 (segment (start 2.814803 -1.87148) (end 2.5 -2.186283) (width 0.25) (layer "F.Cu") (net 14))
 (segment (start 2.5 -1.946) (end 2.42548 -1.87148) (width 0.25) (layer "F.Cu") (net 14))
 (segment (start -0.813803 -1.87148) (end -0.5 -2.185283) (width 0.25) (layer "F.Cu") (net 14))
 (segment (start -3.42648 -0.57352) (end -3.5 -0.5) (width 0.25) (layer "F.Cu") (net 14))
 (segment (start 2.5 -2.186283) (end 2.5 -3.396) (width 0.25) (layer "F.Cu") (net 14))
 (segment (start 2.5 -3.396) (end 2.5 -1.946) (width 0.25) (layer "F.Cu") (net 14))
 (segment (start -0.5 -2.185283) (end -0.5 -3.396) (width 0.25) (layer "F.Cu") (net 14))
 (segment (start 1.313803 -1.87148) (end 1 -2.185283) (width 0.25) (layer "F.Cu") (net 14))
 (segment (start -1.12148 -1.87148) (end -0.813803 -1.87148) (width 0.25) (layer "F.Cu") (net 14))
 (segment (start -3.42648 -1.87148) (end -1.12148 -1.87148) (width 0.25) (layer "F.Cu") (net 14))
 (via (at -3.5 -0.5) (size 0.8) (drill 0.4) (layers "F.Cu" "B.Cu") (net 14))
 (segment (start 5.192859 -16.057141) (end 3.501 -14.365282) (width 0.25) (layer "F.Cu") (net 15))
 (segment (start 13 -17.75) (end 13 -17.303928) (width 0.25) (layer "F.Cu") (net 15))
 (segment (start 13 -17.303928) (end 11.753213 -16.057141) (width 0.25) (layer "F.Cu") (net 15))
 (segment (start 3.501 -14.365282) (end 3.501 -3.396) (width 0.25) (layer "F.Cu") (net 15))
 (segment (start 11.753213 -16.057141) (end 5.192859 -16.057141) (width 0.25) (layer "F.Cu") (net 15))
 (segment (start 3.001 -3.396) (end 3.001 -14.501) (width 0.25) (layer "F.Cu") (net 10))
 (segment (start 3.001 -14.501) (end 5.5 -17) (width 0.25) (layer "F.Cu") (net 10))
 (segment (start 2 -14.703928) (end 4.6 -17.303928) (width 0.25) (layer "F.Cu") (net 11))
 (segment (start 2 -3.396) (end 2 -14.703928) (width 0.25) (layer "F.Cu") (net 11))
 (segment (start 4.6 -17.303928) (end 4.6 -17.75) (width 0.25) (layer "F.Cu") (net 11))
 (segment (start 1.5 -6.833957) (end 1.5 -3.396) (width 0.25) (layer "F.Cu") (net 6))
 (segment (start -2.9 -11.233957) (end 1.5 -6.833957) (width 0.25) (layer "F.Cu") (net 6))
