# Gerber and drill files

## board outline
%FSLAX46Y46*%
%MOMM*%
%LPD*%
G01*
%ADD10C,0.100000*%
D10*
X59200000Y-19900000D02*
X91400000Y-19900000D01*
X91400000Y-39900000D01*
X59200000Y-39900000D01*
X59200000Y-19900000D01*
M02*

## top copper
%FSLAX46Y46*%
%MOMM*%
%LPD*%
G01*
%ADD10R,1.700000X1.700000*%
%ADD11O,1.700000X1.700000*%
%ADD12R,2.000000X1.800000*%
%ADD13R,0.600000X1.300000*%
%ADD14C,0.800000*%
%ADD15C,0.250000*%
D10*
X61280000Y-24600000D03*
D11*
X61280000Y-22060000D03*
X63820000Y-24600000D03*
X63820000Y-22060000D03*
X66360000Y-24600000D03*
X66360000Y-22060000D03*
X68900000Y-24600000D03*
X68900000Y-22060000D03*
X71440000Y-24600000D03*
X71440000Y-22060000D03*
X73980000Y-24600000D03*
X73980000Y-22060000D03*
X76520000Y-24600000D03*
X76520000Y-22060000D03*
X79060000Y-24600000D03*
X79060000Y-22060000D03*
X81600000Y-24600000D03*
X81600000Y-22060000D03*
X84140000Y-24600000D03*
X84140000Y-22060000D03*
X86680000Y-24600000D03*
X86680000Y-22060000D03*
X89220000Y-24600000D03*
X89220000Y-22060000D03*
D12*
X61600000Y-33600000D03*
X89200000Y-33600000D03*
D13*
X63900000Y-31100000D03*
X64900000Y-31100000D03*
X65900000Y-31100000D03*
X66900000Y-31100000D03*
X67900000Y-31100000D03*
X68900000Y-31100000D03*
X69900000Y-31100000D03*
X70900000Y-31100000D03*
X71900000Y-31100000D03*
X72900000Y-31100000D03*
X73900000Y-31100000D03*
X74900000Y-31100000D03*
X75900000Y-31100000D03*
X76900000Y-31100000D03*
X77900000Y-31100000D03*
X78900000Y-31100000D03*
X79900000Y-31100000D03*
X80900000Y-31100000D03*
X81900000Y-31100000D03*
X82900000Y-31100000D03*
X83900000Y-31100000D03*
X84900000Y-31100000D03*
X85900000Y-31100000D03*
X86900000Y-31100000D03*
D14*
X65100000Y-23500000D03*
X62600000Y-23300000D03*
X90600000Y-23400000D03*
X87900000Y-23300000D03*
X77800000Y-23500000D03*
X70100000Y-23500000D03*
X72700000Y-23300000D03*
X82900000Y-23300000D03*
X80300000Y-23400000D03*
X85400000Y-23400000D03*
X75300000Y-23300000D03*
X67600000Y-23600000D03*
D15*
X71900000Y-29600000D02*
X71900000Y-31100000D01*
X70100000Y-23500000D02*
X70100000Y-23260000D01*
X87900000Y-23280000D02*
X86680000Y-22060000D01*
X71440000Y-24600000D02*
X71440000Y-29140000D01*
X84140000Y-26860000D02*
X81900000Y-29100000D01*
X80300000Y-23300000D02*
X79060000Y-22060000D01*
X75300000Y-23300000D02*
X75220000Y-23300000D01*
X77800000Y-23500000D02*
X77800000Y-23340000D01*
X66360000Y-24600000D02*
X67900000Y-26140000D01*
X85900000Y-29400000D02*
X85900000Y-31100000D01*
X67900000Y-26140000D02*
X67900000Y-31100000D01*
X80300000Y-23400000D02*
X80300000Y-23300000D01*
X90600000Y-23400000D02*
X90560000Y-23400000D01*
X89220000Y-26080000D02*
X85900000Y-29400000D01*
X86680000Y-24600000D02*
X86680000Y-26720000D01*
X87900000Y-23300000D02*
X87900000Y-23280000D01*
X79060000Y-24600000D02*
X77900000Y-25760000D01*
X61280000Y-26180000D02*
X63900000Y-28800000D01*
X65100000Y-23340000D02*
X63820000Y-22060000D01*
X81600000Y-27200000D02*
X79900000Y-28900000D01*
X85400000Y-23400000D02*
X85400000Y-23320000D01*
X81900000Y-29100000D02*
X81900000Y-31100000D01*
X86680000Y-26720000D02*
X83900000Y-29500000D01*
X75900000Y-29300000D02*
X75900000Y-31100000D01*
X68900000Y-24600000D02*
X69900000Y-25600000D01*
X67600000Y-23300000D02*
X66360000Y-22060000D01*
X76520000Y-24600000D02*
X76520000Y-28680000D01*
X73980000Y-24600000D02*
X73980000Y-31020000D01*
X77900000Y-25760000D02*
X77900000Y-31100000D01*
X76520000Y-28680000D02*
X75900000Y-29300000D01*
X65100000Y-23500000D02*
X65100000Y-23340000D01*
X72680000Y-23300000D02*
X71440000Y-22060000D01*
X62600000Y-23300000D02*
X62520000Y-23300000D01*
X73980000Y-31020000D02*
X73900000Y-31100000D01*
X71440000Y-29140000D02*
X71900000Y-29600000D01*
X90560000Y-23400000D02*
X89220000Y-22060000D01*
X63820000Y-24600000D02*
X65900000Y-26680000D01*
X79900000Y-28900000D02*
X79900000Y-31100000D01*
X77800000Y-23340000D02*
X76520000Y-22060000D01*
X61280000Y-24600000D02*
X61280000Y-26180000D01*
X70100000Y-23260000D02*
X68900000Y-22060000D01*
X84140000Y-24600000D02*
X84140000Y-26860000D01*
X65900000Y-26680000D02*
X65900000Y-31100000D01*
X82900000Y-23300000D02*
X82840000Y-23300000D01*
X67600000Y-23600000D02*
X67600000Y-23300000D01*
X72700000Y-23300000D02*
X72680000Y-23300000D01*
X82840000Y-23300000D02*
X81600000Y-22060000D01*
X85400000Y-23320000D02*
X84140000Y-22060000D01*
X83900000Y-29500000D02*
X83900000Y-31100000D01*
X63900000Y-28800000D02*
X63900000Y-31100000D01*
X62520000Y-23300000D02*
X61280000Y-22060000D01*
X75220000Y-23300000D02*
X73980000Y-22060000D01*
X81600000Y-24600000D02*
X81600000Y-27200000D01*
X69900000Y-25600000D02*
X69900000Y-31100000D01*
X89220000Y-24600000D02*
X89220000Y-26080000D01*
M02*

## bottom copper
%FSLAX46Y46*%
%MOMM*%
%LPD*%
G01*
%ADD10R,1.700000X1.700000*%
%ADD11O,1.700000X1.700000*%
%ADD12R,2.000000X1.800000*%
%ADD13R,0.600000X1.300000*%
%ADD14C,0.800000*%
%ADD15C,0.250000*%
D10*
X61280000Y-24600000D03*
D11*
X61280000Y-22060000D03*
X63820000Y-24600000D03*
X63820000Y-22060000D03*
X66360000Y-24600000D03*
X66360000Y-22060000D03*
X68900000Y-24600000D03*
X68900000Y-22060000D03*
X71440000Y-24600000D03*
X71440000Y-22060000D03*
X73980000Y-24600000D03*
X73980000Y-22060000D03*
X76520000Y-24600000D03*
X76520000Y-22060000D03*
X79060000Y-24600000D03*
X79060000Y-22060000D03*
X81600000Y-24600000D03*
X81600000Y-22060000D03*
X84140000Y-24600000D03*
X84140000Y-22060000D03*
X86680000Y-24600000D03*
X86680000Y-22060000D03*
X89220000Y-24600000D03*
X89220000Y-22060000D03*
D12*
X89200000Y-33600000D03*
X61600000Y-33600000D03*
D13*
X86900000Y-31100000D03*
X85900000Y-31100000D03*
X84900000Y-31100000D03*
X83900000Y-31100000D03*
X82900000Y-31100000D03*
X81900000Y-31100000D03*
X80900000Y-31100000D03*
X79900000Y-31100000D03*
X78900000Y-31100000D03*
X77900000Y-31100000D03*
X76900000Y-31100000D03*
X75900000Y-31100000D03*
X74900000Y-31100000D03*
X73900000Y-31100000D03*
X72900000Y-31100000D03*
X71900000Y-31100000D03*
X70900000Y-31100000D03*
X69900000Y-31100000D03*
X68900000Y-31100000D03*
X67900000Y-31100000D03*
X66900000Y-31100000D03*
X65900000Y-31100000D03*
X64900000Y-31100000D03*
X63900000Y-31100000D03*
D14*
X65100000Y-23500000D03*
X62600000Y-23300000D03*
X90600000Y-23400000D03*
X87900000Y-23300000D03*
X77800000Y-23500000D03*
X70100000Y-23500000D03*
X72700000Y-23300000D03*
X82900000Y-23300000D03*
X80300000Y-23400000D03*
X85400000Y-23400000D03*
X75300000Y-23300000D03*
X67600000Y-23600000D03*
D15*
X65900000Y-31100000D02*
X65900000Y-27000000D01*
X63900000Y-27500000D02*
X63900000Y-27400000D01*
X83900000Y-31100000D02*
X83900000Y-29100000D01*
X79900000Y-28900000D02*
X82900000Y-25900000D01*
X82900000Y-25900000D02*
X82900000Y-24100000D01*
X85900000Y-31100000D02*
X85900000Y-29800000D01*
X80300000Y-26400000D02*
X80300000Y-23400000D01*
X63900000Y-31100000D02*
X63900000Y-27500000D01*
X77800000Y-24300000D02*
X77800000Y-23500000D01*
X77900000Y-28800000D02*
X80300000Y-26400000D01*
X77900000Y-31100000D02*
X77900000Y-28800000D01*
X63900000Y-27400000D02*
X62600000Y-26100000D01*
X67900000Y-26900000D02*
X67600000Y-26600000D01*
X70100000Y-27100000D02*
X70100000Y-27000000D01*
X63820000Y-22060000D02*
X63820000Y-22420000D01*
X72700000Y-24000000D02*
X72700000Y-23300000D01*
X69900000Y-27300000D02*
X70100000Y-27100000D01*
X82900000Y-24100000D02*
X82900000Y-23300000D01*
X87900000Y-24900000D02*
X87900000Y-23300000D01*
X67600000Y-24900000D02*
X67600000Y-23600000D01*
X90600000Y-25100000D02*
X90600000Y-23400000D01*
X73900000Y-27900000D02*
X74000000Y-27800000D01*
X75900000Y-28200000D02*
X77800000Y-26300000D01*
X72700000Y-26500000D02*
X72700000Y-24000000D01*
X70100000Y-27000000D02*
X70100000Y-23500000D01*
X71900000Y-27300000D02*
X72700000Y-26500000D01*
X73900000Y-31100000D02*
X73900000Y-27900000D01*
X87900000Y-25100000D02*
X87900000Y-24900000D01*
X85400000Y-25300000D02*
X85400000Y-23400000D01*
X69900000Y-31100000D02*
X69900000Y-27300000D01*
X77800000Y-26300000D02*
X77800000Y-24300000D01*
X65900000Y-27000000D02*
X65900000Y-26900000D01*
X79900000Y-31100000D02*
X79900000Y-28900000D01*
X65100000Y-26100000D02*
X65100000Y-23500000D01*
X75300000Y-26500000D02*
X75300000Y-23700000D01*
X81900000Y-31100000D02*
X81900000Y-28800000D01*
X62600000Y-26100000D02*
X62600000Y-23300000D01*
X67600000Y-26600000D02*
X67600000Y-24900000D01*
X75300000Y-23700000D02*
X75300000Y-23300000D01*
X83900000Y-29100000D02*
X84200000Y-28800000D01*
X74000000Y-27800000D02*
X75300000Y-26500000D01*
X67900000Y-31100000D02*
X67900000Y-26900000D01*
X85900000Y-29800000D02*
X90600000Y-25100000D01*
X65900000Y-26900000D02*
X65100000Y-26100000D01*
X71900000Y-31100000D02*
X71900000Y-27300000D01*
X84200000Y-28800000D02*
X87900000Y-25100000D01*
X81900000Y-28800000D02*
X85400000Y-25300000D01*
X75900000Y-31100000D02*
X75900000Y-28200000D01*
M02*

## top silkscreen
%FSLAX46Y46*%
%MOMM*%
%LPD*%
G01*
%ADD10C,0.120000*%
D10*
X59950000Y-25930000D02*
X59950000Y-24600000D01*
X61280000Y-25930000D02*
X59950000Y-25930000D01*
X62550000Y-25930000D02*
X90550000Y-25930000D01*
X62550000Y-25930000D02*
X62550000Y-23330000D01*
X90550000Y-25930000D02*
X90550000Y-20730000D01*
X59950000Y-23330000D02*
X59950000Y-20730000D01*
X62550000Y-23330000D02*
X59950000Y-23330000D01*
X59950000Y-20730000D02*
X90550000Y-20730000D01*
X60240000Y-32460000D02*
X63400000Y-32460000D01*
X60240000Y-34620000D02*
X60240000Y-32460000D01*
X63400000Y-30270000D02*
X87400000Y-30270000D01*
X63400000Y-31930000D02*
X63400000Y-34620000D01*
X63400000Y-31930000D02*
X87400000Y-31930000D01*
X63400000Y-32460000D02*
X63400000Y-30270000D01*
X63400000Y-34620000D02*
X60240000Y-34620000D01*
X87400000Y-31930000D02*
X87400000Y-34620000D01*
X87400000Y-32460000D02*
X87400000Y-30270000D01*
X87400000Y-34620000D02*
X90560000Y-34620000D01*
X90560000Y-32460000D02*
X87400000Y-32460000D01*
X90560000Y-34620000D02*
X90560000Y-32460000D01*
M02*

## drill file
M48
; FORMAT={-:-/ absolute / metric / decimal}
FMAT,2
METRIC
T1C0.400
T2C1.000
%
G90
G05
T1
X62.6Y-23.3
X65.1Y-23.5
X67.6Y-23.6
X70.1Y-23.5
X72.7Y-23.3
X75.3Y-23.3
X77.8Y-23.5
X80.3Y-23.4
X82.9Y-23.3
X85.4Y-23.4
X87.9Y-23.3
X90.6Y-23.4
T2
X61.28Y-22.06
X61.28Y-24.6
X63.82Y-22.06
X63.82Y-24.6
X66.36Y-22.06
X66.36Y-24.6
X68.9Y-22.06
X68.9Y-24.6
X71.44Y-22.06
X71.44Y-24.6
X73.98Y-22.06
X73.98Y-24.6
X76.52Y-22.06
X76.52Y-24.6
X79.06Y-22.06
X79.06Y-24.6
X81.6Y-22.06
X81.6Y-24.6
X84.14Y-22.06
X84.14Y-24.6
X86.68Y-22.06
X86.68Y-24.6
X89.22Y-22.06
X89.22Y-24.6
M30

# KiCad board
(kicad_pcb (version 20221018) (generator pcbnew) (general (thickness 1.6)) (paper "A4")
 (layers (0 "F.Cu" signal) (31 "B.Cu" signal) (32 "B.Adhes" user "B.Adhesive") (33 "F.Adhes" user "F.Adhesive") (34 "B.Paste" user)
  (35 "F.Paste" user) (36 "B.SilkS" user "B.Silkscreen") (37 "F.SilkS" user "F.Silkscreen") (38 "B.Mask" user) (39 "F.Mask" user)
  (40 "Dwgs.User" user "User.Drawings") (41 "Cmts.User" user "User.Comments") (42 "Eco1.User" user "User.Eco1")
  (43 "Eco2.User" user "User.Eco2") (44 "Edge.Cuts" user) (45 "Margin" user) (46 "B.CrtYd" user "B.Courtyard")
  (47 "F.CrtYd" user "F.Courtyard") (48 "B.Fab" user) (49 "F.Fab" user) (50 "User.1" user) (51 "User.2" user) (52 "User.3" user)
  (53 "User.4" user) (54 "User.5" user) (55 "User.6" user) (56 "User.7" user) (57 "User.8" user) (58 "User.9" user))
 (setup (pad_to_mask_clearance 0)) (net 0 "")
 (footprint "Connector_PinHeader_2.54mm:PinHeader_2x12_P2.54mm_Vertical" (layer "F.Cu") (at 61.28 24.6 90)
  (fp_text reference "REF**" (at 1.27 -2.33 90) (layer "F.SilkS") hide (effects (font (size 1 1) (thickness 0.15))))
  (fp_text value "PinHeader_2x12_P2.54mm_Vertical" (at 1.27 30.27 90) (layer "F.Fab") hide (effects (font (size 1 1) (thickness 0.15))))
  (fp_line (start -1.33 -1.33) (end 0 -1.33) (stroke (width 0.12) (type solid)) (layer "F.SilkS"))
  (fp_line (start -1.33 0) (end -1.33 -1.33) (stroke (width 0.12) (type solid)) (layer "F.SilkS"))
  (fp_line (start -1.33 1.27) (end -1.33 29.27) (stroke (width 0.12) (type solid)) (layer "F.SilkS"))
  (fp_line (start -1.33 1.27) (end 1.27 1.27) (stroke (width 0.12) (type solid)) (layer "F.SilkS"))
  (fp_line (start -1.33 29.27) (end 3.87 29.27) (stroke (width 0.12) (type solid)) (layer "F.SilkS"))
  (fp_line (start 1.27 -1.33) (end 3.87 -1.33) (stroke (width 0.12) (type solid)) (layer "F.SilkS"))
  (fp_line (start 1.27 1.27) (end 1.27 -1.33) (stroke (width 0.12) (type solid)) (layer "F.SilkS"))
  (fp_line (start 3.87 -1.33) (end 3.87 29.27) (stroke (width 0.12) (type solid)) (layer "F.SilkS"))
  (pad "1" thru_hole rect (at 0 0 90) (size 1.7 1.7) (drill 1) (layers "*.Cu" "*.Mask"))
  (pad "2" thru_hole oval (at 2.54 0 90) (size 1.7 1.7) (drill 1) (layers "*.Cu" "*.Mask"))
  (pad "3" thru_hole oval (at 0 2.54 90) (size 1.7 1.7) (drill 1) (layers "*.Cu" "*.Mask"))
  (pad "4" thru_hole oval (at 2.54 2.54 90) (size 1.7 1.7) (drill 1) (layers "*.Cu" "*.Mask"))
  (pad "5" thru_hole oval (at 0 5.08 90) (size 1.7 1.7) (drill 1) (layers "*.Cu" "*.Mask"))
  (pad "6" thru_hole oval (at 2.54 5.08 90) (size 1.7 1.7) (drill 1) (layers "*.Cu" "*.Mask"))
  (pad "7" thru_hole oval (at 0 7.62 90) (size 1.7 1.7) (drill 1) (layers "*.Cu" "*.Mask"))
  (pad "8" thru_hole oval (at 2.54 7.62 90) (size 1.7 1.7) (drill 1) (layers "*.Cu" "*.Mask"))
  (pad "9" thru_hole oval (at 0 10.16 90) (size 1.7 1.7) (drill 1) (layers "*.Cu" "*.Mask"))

TASK OBJECTIVE |
Starting at the first line of the records above, please copy each line exactly until you reach the line containing "(segment (start 13 -17.75)". Include that line and stop there.

OUTPUT FOR THIS EXERCISE |
 (segment (start 2.814803 -1.87148) (end 2.5 -2.186283) (width 0.25) (layer "F.Cu") (net 14))
 (segment (start 2.5 -1.946) (end 2.42548 -1.87148) (width 0.25) (layer "F.Cu") (net 14))
 (segment (start -0.813803 -1.87148) (end -0.5 -2.185283) (width 0.25) (layer "F.Cu") (net 14))
 (segment (start -3.42648 -0.57352) (end -3.5 -0.5) (width 0.25) (layer "F.Cu") (net 14))
 (segment (start 2.5 -2.186283) (end 2.5 -3.396) (width 0.25) (layer "F.Cu") (net 14))
 (segment (start 2.5 -3.396) (end 2.5 -1.946) (width 0.25) (layer "F.Cu") (net 14))
 (segment (start -0.5 -2.185283) (end -0.5 -3.396) (width 0.25) (layer "F.Cu") (net 14))
 (segment (start 1.313803 -1.87148) (end 1 -2.185283) (width 0.25) (layer "F.Cu") (net 14))
 (segment (start -1.12148 -1.87148) (end -0.813803 -1.87148) (width 0.25) (layer "F.Cu") (net 14))
 (segment (start -3.42648 -1.87148) (end -1.12148 -1.87148) (width 0.25) (layer "F.Cu") (net 14))
 (via (at -3.5 -0.5) (size 0.8) (drill 0.4) (layers "F.Cu" "B.Cu") (net 14))
 (segment (start 5.192859 -16.057141) (end 3.501 -14.365282) (width 0.25) (layer "F.Cu") (net 15))
 (segment (start 13 -17.75) (end 13 -17.303928) (width 0.25) (layer "F.Cu") (net 15))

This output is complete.